Sunday, January 10, 2010

Week Two

Air Mediation
Goals: manage my routine around work; send off information to manage student loans; cross stitch the air glyph for sampler; AM/ PM yoga; get Carpooling started
Challenges: waking up earlier in the cold mornings; being tired after work
Reflection: I had weird dreams all week, only two I remember enough to write them down. Adrienne and I did carpool once this week so it should work out okay even if our schedules are a little different. I had a headache Monday night but Philip and I did watch this interesting video on Qigong. Now that I understand more of the principles behind it I would probably want to do some next year, although according to the lesson we watched any exercise and mediation routine would enrich your chi. Mr. Richardson said that I might have the gift of Prophecy since in the card I gave him for Christmas stated " I hope you get many books..." and apparently he brought about 2o or so which he says is out of character for him since he is very selective in what he reads and frugal. Friday was a Beautiful Snow Day so no work! We ran errand mostly since Philip got paid we were able to take care of some pressing bills and get groceries. I have yet to start the air glyph or read about the suit of Swords. I have updated all the blogs today however so the thinking wheels have been turning.
I'm proud that I got a lot of sorority business taken care of and I also received my prayer beads which I hope to include a meditation next week since this one is over. Off the BOTA study group.

Week ONE

Earth Mediation
Goals: Cross stitch earth glyph of sampler; listen to Podcast (Ariel's Witch's Primer); cleansing for the new year; start our savings plan back up; Yoga AM on Monday, Wednesday, and Friday; Yoga PM on Tuesday and Thursday

Challenges: being quiet during morning routine so Philip and I concentrate on Physical practices; managing money to pay bills, get my car a new battery, mail off books, get food, gas and other daily needs; being to tried to do yoga at night after cooking dinner

Reflection:I'm glad to be at a point in my money management lesson that I can start saving to reinforce the balance I have created for the long-term.

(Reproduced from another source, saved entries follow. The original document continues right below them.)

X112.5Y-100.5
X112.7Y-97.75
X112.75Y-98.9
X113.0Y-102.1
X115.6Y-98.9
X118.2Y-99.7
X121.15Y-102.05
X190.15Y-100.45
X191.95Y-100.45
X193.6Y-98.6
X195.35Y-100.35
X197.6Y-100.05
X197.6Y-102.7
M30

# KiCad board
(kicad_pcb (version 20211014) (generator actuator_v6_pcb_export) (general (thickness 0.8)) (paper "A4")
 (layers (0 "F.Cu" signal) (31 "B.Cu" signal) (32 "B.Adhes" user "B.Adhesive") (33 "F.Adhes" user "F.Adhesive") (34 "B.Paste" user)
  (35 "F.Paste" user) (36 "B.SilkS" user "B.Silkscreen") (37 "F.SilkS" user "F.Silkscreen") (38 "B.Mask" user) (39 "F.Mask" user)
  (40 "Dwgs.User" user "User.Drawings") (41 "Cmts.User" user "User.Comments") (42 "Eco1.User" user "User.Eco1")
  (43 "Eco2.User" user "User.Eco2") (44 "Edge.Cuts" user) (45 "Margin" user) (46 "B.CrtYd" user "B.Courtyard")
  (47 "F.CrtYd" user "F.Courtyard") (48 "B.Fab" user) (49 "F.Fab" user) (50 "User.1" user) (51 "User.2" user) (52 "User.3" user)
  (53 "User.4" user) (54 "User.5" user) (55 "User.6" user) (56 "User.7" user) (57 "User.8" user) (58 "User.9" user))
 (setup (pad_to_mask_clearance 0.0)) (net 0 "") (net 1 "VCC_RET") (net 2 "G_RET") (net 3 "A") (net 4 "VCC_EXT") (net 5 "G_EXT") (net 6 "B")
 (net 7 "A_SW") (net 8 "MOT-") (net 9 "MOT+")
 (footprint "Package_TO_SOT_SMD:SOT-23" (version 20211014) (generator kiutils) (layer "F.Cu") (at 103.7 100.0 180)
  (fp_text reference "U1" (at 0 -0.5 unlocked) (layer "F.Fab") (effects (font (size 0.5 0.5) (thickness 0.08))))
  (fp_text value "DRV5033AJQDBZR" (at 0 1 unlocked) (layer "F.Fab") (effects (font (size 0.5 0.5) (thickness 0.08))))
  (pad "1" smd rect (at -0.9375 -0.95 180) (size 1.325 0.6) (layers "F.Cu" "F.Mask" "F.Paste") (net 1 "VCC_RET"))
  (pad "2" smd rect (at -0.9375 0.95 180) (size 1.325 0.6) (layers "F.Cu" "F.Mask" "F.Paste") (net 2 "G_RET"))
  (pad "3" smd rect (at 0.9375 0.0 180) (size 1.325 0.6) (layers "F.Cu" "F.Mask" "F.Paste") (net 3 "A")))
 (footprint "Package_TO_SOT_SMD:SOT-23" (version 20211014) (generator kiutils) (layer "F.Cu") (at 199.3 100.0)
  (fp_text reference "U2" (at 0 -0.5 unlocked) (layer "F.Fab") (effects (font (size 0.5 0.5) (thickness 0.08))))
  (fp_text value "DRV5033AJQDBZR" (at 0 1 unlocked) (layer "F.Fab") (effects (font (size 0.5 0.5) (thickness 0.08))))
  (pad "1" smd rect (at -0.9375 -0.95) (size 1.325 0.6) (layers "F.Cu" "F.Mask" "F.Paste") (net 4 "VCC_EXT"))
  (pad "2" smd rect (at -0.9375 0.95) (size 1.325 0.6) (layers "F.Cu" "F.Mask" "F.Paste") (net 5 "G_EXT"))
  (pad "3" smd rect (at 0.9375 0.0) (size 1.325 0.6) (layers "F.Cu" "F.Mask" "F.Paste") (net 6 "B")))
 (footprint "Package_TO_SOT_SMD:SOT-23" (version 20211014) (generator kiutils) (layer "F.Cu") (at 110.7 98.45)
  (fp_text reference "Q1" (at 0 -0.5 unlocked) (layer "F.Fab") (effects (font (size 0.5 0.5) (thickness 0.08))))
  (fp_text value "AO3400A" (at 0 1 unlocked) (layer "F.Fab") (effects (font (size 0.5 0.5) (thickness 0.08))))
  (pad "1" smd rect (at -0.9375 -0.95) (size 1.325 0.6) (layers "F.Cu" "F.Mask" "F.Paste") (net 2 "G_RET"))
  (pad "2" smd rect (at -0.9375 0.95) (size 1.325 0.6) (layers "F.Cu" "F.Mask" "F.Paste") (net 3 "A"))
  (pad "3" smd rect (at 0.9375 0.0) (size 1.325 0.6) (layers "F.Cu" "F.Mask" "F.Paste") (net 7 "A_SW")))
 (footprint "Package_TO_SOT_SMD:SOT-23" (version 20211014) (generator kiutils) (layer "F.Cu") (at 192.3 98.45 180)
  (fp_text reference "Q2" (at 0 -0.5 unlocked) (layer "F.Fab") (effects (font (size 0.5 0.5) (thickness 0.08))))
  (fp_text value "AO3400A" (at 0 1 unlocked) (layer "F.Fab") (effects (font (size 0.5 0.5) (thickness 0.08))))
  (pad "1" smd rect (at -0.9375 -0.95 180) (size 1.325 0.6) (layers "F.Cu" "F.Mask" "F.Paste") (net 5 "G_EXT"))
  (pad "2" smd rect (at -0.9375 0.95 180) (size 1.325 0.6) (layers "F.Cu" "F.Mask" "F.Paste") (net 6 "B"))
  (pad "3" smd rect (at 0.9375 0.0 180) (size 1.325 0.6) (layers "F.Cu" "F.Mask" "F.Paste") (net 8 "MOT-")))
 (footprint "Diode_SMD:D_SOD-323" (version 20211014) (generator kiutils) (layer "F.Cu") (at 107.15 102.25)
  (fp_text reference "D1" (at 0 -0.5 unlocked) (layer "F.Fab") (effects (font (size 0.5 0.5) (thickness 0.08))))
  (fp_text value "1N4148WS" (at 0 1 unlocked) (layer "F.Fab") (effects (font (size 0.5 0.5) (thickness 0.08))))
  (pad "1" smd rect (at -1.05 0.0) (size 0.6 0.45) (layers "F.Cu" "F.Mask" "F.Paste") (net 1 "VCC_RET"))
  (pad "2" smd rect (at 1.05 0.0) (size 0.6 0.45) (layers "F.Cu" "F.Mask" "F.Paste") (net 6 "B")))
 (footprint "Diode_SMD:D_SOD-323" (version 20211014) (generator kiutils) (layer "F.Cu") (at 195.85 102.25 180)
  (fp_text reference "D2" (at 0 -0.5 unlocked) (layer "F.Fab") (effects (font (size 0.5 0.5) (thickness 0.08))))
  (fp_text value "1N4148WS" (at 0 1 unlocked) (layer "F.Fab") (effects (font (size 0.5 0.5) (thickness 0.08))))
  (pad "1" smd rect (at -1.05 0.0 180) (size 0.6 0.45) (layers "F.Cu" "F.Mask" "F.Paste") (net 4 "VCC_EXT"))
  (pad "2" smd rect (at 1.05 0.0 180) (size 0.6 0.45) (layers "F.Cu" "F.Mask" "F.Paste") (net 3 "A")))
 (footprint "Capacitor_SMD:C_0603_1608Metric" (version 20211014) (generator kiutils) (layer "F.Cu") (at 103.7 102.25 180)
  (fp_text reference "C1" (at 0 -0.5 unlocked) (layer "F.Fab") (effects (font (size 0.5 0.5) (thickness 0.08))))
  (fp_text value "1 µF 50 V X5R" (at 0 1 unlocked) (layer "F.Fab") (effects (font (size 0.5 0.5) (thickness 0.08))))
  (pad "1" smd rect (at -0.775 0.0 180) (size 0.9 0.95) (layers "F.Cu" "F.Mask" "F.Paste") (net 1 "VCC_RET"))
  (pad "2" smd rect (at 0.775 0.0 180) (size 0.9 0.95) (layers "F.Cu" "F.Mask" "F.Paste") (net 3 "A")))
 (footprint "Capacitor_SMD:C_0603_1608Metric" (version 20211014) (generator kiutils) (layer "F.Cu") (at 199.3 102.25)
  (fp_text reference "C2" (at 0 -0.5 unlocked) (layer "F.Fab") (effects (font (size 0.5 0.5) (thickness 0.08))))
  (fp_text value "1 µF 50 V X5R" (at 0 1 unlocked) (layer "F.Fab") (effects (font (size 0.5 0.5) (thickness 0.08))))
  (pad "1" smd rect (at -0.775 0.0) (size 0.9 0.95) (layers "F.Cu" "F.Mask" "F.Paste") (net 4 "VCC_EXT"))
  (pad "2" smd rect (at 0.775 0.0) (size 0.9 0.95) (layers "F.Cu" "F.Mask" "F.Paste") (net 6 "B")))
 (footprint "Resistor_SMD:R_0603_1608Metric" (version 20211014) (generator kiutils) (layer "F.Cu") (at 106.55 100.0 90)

Yes I still have bills but I've learned mostly from Philip to take care of them in a way that doesn't leave me broke the day after pay day because I gave all me money to creditors "never give away your last penny and if you have two save one for later". I need to supplement our income either by working a second job and selling the note cards. On New Year's Eve I cleaned and air out the house as much as possible. I updated some of the altars for balance, lite incenses for prosperity and opened the windows to refresh the air (Bad chi out, good chi in). I started reading some information on astrology, read over the Druidcraft tarot suit of Pentacles (which I going to do for each corresponding mediation) the Princess of Pentacles and the Nine of Pentacles were very helpful. I'm also reading The Art of Everyday Ecstasy and The Love Spell. I was able to do yoga in the mornings but didn't get any session for the PM. on Sunday after updating some information about the zodiac and numerology in my Book of Shadows I did a tarot reading for Philip's friend Michael. I was excited because the universe just brought all that together for me.